EXERCISE –
Count up the lines in the listing below that hold "hide", and answer with the total alone.

RECORDS SHOWN –

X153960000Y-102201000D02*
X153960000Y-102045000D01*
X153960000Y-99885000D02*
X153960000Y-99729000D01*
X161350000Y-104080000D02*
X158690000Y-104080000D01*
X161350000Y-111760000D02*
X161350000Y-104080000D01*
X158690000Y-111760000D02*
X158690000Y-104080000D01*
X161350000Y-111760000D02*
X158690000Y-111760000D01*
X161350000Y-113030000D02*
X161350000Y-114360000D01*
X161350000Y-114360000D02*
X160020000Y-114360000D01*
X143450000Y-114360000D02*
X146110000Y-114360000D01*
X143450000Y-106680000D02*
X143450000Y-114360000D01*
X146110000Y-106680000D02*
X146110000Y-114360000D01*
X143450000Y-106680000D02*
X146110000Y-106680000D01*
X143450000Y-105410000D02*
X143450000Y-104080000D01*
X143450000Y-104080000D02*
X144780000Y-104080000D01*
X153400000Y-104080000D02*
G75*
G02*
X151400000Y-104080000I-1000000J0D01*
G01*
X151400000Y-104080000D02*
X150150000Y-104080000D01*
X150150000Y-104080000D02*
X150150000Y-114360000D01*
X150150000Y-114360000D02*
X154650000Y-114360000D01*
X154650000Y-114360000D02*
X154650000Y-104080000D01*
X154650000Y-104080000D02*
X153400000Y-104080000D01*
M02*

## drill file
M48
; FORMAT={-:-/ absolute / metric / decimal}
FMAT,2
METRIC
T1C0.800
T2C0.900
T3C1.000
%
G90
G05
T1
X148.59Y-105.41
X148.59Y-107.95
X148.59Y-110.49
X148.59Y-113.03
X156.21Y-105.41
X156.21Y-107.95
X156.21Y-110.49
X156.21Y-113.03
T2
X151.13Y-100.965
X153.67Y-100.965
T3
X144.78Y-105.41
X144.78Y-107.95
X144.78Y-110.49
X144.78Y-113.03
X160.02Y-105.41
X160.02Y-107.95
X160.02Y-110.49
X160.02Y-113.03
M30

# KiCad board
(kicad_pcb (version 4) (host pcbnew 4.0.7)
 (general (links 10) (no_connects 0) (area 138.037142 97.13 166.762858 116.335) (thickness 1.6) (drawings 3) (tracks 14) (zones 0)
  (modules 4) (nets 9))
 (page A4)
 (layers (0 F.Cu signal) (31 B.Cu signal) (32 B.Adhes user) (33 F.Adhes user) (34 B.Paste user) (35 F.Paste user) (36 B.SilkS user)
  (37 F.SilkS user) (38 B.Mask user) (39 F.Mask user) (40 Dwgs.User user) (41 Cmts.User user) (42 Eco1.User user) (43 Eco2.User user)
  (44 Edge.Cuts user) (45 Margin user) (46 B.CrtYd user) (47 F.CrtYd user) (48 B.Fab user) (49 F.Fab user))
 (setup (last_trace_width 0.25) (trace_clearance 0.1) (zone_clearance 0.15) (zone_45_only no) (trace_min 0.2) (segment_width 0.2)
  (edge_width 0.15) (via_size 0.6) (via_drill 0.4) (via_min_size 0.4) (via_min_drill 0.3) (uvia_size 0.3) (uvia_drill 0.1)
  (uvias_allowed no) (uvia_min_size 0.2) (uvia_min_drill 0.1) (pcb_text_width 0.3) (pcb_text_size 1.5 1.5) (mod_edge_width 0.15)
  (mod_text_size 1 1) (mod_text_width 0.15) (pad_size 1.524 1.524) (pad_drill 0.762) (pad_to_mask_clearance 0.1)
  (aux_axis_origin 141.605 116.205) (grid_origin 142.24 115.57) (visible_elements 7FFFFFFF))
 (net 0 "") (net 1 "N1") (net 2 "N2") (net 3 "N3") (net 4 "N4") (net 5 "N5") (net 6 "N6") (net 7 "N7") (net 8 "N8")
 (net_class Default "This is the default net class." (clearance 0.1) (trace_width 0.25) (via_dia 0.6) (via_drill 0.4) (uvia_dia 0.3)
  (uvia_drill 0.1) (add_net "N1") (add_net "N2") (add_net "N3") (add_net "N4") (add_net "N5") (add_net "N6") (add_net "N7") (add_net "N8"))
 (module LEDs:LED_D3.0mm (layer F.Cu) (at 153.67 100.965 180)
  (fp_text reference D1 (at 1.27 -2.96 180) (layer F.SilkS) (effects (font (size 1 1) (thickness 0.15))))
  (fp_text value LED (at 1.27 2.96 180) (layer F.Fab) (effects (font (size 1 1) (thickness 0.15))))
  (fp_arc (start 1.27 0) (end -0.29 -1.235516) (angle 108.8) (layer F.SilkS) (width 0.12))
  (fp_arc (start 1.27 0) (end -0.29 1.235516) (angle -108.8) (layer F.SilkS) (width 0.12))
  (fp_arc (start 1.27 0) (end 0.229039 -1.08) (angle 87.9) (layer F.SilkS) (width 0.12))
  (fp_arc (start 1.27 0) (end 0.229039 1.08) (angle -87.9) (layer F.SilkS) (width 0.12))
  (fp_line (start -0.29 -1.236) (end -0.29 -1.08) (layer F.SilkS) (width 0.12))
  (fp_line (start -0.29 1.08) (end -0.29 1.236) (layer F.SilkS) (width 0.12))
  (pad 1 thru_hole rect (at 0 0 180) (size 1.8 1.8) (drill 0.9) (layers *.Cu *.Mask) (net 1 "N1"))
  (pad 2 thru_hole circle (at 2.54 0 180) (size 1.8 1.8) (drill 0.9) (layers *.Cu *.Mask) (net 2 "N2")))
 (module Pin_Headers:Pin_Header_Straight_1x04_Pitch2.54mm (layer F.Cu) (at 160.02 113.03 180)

---

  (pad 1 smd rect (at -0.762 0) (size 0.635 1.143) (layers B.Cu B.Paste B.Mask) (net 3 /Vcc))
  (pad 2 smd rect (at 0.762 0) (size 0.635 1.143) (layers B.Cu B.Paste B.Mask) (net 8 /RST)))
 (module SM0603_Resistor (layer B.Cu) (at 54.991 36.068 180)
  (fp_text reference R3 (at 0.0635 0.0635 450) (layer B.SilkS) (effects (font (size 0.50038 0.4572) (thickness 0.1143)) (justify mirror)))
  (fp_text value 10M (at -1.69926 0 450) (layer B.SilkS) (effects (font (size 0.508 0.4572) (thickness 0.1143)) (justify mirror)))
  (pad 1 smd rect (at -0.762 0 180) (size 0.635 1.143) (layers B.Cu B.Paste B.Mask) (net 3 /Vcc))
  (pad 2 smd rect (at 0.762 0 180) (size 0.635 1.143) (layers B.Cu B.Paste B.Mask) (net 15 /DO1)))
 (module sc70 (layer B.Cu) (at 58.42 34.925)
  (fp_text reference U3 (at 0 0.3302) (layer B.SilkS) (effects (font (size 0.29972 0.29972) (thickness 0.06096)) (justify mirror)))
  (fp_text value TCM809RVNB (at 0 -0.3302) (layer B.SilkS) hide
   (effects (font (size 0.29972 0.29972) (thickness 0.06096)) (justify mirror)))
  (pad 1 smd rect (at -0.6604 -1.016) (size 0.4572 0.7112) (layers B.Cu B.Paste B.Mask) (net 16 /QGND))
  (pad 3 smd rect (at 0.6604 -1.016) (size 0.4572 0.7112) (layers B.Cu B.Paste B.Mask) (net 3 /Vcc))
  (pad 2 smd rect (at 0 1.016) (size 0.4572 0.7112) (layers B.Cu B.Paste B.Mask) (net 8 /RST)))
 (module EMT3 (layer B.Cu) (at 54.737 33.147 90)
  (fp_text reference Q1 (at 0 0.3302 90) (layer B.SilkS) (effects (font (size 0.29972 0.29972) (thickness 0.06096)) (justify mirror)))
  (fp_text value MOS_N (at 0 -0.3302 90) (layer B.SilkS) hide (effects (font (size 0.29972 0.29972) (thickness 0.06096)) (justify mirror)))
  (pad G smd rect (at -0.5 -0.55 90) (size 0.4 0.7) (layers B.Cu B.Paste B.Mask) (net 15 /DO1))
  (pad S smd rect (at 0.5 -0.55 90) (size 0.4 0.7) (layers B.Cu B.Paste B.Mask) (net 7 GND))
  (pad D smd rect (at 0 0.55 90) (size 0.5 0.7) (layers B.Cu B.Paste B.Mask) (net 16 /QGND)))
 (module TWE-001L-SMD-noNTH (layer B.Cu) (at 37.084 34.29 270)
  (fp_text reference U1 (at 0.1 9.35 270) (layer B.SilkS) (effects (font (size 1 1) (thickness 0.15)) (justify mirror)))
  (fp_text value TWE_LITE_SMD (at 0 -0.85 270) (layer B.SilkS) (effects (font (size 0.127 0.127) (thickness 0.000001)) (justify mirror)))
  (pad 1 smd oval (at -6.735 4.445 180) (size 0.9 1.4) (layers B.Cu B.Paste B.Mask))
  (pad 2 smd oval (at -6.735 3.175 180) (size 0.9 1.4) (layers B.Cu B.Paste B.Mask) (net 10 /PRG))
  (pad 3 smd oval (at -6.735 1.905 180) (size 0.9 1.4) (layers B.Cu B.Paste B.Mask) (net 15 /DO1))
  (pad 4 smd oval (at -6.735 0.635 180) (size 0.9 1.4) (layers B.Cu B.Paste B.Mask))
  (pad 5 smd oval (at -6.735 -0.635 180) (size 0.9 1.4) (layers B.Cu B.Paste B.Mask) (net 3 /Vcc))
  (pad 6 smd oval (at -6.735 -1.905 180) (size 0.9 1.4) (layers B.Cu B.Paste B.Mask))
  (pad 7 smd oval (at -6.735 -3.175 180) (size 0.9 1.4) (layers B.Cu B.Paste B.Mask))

EXERCISE RESULT –
2